Personal information
- Full name: Walter Edward Nash
- Date of birth: 10 June 1929
- Date of death: 20 June 2024 (aged 95)
- Place of death: Altona, Victoria
- Original team(s): Warragul, Balaclava
- Height: 178 cm (5 ft 10 in)
- Weight: 75 kg (165 lb)

Playing career^{1}
- Years: Club / Games (Goals)
- 1953–54: Hawthorn / 17 (18)
- ^{1} Playing statistics correct to the end of 1954.

Career highlights
- 1949, 1950 leading goalkicker CGFL. 1951, 1952 leading goalkicker WNEFL

= Wally Nash =

Australian rules footballer (1929–2024)

Walter Edward Nash (10 June 1929 – 20 June 2024) was an Australian rules footballer who played with Hawthorn in the Victorian Football League (VFL).

Nash began his career as a fifteen year old making his debut with Warragul in the Central Gippsland FL in 1945. He showed great promise as a small forward.

As he matured and grew bigger, Nash was moved to full forward and in 1949 won the CGFL goalkicking with 80 goals.
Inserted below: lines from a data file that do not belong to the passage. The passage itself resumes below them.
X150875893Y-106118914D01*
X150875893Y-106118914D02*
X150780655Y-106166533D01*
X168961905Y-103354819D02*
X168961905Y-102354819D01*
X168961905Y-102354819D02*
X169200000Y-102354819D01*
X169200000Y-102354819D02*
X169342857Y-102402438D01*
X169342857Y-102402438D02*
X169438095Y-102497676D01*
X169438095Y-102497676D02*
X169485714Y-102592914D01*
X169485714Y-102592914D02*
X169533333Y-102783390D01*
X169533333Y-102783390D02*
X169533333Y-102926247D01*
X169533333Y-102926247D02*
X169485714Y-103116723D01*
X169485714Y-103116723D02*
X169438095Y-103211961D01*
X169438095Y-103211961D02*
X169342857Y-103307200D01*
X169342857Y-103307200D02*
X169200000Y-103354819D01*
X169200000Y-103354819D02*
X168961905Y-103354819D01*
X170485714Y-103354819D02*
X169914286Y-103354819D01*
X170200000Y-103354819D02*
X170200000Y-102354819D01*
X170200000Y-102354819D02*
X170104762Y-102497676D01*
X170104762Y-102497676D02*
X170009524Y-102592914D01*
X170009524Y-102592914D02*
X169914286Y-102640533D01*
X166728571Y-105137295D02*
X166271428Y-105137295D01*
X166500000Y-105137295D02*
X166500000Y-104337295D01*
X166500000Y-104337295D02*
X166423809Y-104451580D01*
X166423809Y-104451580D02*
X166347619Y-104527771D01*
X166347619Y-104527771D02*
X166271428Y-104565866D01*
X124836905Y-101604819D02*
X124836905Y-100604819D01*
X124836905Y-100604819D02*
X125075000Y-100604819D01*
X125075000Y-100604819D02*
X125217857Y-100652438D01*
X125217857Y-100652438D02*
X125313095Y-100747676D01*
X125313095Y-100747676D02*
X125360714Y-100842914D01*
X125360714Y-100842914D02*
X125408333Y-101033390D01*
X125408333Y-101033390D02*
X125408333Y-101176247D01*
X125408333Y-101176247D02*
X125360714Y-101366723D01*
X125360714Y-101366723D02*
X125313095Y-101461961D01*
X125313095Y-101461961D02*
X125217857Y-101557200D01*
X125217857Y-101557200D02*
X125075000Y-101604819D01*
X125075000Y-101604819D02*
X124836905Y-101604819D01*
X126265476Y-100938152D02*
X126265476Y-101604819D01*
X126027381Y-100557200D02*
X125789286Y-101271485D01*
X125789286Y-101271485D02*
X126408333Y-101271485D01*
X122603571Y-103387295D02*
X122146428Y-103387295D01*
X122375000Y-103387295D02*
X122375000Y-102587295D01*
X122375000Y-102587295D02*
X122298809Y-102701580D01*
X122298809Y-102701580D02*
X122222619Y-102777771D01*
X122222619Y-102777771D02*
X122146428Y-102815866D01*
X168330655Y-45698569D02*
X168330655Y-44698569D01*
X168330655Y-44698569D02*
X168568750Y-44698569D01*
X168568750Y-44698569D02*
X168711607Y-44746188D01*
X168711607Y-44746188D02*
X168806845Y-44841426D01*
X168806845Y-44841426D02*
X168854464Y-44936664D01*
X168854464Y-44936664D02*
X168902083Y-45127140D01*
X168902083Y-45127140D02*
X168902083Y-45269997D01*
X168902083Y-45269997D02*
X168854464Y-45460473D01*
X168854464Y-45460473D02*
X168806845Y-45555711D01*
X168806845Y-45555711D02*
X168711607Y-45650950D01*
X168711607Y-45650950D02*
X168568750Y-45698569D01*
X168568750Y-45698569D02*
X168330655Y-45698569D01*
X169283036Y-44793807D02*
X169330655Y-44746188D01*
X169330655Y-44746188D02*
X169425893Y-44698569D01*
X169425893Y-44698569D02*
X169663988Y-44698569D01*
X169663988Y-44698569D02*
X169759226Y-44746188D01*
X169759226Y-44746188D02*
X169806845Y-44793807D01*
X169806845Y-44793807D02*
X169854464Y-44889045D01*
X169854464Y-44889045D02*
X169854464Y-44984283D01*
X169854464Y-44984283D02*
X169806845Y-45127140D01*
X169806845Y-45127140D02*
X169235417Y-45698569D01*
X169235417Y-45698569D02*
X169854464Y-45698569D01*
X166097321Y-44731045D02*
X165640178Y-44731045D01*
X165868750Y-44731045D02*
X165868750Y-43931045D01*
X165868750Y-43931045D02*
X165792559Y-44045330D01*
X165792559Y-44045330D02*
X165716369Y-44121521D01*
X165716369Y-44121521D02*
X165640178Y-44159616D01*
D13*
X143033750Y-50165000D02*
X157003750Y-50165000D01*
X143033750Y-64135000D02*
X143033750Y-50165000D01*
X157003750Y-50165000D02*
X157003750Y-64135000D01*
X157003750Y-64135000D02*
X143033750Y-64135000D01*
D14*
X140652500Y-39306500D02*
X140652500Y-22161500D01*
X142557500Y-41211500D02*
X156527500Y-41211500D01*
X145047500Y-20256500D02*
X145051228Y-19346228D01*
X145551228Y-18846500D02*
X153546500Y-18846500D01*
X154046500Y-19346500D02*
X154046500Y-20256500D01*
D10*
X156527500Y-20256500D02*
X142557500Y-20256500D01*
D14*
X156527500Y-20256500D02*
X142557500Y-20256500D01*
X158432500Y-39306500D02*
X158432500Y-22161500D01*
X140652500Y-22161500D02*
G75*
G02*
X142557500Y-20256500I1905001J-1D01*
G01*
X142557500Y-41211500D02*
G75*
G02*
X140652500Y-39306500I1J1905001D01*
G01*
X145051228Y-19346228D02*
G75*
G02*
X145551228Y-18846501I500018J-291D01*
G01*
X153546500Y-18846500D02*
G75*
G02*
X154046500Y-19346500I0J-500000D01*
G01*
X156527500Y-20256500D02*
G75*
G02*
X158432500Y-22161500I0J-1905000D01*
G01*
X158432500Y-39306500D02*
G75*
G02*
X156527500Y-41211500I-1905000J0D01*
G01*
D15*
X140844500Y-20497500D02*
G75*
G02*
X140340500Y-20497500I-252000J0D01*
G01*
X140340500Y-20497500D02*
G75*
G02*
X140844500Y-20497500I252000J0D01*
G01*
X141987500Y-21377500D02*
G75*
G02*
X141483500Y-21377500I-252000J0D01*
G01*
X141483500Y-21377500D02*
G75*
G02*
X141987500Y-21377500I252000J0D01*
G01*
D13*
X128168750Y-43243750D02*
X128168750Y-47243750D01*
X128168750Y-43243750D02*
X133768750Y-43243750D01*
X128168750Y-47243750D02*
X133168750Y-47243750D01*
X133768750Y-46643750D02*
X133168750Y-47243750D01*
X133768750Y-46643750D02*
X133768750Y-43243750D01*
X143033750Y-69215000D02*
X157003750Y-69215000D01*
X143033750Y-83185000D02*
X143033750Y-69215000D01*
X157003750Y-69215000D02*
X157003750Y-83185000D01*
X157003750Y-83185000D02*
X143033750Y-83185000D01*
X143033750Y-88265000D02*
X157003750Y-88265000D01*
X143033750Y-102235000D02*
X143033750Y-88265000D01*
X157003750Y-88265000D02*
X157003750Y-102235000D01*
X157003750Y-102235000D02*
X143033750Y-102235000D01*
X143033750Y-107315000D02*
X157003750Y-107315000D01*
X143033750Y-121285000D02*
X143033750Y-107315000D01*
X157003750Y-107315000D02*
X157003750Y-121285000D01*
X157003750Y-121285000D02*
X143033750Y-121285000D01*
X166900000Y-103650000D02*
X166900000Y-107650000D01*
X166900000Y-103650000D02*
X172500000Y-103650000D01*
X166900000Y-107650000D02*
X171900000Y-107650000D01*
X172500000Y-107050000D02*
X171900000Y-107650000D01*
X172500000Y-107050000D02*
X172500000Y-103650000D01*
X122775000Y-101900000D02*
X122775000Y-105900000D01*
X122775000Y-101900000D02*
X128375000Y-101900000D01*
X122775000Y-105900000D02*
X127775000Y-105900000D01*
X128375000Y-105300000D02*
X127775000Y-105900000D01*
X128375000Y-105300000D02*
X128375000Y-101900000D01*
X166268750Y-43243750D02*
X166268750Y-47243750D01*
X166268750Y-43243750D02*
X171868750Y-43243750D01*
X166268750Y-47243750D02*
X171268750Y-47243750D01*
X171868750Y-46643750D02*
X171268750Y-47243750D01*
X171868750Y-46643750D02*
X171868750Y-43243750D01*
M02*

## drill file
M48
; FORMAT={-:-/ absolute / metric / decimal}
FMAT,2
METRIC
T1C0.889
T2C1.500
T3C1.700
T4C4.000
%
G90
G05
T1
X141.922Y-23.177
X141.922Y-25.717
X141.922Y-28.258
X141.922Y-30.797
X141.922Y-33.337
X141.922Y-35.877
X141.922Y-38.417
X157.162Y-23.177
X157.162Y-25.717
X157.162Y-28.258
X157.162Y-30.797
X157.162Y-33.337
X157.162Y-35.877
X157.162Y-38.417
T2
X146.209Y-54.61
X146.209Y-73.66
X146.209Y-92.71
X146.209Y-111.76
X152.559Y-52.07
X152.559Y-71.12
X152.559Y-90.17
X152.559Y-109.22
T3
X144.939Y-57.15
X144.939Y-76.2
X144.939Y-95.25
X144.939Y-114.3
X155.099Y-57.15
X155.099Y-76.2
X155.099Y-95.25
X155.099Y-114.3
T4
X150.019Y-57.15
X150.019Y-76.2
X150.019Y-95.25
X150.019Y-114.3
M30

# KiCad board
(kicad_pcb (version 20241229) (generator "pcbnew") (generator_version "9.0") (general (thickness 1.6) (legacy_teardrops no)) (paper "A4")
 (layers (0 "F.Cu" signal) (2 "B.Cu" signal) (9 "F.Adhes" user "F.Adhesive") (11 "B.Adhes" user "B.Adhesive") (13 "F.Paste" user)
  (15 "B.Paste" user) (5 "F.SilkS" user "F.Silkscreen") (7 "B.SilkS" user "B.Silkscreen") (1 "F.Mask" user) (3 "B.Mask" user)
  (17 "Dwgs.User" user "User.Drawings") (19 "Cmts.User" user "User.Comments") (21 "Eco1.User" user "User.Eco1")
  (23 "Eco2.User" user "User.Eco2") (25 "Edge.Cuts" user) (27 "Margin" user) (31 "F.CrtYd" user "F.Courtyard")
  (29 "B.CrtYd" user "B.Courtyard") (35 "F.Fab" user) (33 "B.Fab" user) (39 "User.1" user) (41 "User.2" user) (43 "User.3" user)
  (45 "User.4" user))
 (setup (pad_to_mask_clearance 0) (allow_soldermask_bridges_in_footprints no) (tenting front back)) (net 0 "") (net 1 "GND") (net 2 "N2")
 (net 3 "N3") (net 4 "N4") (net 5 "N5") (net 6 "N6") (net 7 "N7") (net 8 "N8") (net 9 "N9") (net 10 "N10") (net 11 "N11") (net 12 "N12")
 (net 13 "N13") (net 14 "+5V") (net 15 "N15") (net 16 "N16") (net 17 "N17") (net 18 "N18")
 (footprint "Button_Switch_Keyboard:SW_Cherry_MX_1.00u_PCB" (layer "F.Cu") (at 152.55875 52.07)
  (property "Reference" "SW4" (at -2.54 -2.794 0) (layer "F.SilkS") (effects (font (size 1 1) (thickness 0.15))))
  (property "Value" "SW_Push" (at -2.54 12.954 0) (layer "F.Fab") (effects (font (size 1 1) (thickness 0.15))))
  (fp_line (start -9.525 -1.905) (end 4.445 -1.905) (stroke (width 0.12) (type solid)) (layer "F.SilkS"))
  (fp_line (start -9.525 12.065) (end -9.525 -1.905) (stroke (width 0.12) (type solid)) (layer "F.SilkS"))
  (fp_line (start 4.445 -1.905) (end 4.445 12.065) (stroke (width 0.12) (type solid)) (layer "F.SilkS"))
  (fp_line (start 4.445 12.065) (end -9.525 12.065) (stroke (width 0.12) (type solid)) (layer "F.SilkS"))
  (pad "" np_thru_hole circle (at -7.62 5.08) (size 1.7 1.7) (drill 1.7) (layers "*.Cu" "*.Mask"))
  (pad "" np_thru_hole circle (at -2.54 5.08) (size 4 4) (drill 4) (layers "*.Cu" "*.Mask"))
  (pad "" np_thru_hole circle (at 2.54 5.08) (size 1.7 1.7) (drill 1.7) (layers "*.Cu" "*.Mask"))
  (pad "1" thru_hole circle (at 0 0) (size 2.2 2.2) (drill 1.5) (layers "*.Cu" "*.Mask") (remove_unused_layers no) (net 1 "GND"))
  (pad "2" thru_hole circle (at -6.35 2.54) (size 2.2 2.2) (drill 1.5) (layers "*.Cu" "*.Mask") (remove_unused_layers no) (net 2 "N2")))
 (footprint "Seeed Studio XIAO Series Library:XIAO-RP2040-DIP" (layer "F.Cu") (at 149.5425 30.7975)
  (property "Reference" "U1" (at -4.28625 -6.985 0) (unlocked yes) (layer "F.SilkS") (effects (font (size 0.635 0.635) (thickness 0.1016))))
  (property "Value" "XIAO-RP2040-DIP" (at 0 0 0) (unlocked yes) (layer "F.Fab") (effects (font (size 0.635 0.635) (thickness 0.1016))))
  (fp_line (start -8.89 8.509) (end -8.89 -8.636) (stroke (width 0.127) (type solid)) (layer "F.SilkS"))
He backed up that effort in 1950 with 89 goals for the season.

In 1951 Nash transferred to Euroa, he topped the goalkicking for the Waranga North East FL both years he played. He kicked 74 and 88 goals respectively. Hawthorn signed him in 1953 where he stayed for three years and played 17 games for 18 goals. A knee injury in early 1955 stopped him from playing.